Given the concerns around licensing of data models raised on T333856: Cloud VPS open exception request, let's discuss how best to support and enable work in this space in support of the Wikimedia movement on Wikimedia Cloud Service Offerings. I believe it is in the health and interest of the Wikimedia movement to support this emerging field, and to utilize our existing platforms and resources, namely WMCS, to do so.
However, some questions remain:
Licensing
- Given the lack of clear licensing and/or incompatible with OSI licensing, what can users run on WMCS? Is any work being done in the data community to create OSI compatible models? Can something like The Pile, which is free with no other apparent license, be used on WMCS?

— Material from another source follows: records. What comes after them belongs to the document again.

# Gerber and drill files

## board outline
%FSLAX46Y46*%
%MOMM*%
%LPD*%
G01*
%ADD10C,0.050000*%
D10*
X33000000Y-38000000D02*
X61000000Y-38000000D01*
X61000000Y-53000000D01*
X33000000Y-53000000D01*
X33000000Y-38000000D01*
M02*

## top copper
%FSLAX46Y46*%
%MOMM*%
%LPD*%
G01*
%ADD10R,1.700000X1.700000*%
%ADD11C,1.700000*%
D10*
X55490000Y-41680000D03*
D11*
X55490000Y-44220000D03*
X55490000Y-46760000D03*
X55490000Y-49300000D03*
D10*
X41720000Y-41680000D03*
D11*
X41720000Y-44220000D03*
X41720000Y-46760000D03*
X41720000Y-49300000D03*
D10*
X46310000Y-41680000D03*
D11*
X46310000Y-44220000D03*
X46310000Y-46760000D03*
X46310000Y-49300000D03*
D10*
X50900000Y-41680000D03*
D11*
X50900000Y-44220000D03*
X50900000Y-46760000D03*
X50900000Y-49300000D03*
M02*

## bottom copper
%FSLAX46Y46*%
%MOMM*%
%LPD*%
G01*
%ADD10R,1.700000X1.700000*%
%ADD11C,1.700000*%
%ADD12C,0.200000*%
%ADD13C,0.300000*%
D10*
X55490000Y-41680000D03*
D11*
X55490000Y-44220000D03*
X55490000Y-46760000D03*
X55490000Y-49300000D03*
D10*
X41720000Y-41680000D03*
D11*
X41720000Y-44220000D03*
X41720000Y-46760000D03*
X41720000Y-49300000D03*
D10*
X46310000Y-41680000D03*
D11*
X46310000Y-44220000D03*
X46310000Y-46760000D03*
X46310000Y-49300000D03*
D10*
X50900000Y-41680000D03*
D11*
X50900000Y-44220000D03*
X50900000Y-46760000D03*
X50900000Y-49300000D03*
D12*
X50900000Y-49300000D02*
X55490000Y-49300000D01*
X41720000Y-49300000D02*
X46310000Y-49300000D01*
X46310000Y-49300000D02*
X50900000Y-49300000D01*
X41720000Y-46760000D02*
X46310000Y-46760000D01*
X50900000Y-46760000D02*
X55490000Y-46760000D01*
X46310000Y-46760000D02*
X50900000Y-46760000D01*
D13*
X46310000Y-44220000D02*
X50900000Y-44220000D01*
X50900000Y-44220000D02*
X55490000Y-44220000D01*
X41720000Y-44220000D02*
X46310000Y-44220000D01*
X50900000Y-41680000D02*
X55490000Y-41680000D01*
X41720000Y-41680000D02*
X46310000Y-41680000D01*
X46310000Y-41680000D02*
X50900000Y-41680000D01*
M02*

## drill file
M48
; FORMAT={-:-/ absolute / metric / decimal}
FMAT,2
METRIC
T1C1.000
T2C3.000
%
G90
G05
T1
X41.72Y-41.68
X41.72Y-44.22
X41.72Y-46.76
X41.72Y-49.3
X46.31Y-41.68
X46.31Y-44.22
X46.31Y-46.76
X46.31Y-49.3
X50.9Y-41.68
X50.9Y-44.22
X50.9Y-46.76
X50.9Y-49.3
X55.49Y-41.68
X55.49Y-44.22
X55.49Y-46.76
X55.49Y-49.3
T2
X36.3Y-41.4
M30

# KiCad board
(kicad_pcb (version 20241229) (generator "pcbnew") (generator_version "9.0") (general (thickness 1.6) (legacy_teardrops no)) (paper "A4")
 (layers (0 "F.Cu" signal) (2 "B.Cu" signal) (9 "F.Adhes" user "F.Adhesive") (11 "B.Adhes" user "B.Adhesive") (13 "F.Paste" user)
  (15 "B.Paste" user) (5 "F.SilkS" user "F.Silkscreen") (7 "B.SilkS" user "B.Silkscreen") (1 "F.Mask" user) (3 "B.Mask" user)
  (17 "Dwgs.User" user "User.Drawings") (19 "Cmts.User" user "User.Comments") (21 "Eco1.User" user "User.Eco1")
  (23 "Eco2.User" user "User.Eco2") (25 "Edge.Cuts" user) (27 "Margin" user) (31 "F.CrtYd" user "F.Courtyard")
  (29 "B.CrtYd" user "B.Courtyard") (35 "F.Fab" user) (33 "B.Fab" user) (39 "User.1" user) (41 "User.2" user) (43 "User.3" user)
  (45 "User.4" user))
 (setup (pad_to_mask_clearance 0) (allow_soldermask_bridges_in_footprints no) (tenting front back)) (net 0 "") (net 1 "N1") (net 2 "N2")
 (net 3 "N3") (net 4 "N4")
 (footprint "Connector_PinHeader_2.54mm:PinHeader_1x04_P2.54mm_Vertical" (layer "F.Cu") (at 55.49 41.68)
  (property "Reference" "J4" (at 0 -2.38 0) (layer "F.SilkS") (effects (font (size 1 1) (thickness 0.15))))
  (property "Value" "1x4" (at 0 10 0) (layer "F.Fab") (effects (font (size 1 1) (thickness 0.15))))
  (pad "1" thru_hole rect (at 0 0) (size 1.7 1.7) (drill 1) (layers "*.Cu" "*.Mask") (remove_unused_layers no) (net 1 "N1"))
  (pad "2" thru_hole circle (at 0 2.54) (size 1.7 1.7) (drill 1) (layers "*.Cu" "*.Mask") (remove_unused_layers no) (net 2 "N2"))
  (pad "3" thru_hole circle (at 0 5.08) (size 1.7 1.7) (drill 1) (layers "*.Cu" "*.Mask") (remove_unused_layers no) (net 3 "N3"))
  (pad "4" thru_hole circle (at 0 7.62) (size 1.7 1.7) (drill 1) (layers "*.Cu" "*.Mask") (remove_unused_layers no) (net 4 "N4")))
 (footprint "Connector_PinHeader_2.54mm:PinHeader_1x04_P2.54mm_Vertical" (layer "F.Cu") (at 41.72 41.68)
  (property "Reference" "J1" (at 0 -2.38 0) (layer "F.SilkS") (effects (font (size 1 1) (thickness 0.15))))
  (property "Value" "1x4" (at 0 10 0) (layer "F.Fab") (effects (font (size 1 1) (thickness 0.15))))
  (pad "1" thru_hole rect (at 0 0) (size 1.7 1.7) (drill 1) (layers "*.Cu" "*.Mask") (remove_unused_layers no) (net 1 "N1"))
  (pad "2" thru_hole circle (at 0 2.54) (size 1.7 1.7) (drill 1) (layers "*.Cu" "*.Mask") (remove_unused_layers no) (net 2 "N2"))
  (pad "3" thru_hole circle (at 0 5.08) (size 1.7 1.7) (drill 1) (layers "*.Cu" "*.Mask") (remove_unused_layers no) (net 3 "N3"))
  (pad "4" thru_hole circle (at 0 7.62) (size 1.7 1.7) (drill 1) (layers "*.Cu" "*.Mask") (remove_unused_layers no) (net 4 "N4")))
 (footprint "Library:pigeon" (layer "F.Cu") (at 36.5 48.9)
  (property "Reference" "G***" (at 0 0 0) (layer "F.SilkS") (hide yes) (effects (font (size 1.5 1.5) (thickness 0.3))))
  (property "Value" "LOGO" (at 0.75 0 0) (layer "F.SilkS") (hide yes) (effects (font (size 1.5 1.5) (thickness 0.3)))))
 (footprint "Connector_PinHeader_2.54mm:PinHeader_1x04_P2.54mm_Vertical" (layer "F.Cu") (at 46.31 41.68)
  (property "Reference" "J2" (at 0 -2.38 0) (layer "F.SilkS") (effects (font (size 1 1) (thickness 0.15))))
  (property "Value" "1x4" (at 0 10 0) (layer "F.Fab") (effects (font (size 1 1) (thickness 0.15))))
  (pad "1" thru_hole rect (at 0 0) (size 1.7 1.7) (drill 1) (layers "*.Cu" "*.Mask") (remove_unused_layers no) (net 1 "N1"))
  (pad "2" thru_hole circle (at 0 2.54) (size 1.7 1.7) (drill 1) (layers "*.Cu" "*.Mask") (remove_unused_layers no) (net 2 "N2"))
  (pad "3" thru_hole circle (at 0 5.08) (size 1.7 1.7) (drill 1) (layers "*.Cu" "*.Mask") (remove_unused_layers no) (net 3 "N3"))
  (pad "4" thru_hole circle (at 0 7.62) (size 1.7 1.7) (drill 1) (layers "*.Cu" "*.Mask") (remove_unused_layers no) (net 4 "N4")))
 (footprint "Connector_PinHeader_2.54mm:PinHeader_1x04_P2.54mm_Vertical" (layer "F.Cu") (at 50.9 41.68)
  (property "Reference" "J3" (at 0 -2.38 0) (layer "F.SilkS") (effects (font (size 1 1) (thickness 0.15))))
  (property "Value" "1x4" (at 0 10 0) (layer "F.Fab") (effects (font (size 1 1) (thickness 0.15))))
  (pad "1" thru_hole rect (at 0 0) (size 1.7 1.7) (drill 1) (layers "*.Cu" "*.Mask") (remove_unused_layers no) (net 1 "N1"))
  (pad "2" thru_hole circle (at 0 2.54) (size 1.7 1.7) (drill 1) (layers "*.Cu" "*.Mask") (remove_unused_layers no) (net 2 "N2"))
  (pad "3" thru_hole circle (at 0 5.08) (size 1.7 1.7) (drill 1) (layers "*.Cu" "*.Mask") (remove_unused_layers no) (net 3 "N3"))
  (pad "4" thru_hole circle (at 0 7.62) (size 1.7 1.7) (drill 1) (layers "*.Cu" "*.Mask") (remove_unused_layers no) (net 4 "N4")))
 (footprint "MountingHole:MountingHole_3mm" (layer "F.Cu") (at 36.3 41.4)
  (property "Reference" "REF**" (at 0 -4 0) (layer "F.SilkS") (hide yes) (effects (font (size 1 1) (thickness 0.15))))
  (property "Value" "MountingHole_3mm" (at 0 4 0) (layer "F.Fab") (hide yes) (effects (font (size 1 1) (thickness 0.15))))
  (pad "" np_thru_hole circle (at 0 0) (size 3 3) (drill 3) (layers "*.Cu" "*.Mask")))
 (gr_rect (start 33 38) (end 61 53) (stroke (width 0.05) (type solid)) (fill no) (layer "Edge.Cuts"))
 (segment (start 50.9 49.3) (end 55.49 49.3) (width 0.2) (layer "B.Cu") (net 4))
 (segment (start 41.72 49.3) (end 46.31 49.3) (width 0.2) (layer "B.Cu") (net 4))
 (segment (start 46.31 49.3) (end 50.9 49.3) (width 0.2) (layer "B.Cu") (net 4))
 (segment (start 41.72 46.76) (end 46.31 46.76) (width 0.2) (layer "B.Cu") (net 3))
 (segment (start 50.9 46.76) (end 55.49 46.76) (width 0.2) (layer "B.Cu") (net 3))
 (segment (start 46.31 46.76) (end 50.9 46.76) (width 0.2) (layer "B.Cu") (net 3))
 (segment (start 46.31 44.22) (end 50.9 44.22) (width 0.3) (layer "B.Cu") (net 2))
 (segment (start 50.9 44.22) (end 55.49 44.22) (width 0.3) (layer "B.Cu") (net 2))
 (segment (start 41.72 44.22) (end 46.31 44.22) (width 0.3) (layer "B.Cu") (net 2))
 (segment (start 50.9 41.68) (end 55.49 41.68) (width 0.3) (layer "B.Cu") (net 1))
 (segment (start 41.72 41.68) (end 46.31 41.68) (width 0.3) (layer "B.Cu") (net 1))
 (segment (start 46.31 41.68) (end 50.9 41.68) (width 0.3) (layer "B.Cu") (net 1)))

- According to @Isaac, T333856#8805764, "a model has at least three separate pieces that are often treated independently: the final model artifact (a bunch of numbers essentially), the code used to train the model, and the data that was fed into the model". Interpreting this, what requirements are imposed by WMCS upon each piece of the model? Must each piece used also be OSI-compatible? If not, which pieces must be? Is this scenario similar to utilizing non-free hardware and software to create an image which is then openly licensed?
- For previous discussion on licenses in the spirit of, but not TOU compliant on WMCS; T152581: Expand the Toolforge definition of "free license" to include FSF-approved and DFSG-compatible licenses
- As noted, CC-by-SA isn't OSI approved, despite being very much aligned with the Wikimedia movement (Note that it's not intended to be a software license)
- What requirements does WMCS impose on non-code objects stored in WMCS? Are models code? If not, then what requirements should we place on them?
Hardware Requirements
- How much disk, RAM, CPU might be needed? Can we meet those needs with our existing hardware?
- Are GPUs required? If so, how many? How would access be controlled?
Non-blocking questions
- What projects exist that wish to explore these fields? What goals / outcomes do they have?
- Are multiple independent projects needed, created on request by any party? Or could the collective work be consolidated into a few primary projects?
The goal of this ticket is to discuss and collect feedback on the listed questions. In addition to update wikitech, WMCS policies, etc as required in accordance with any decisions made.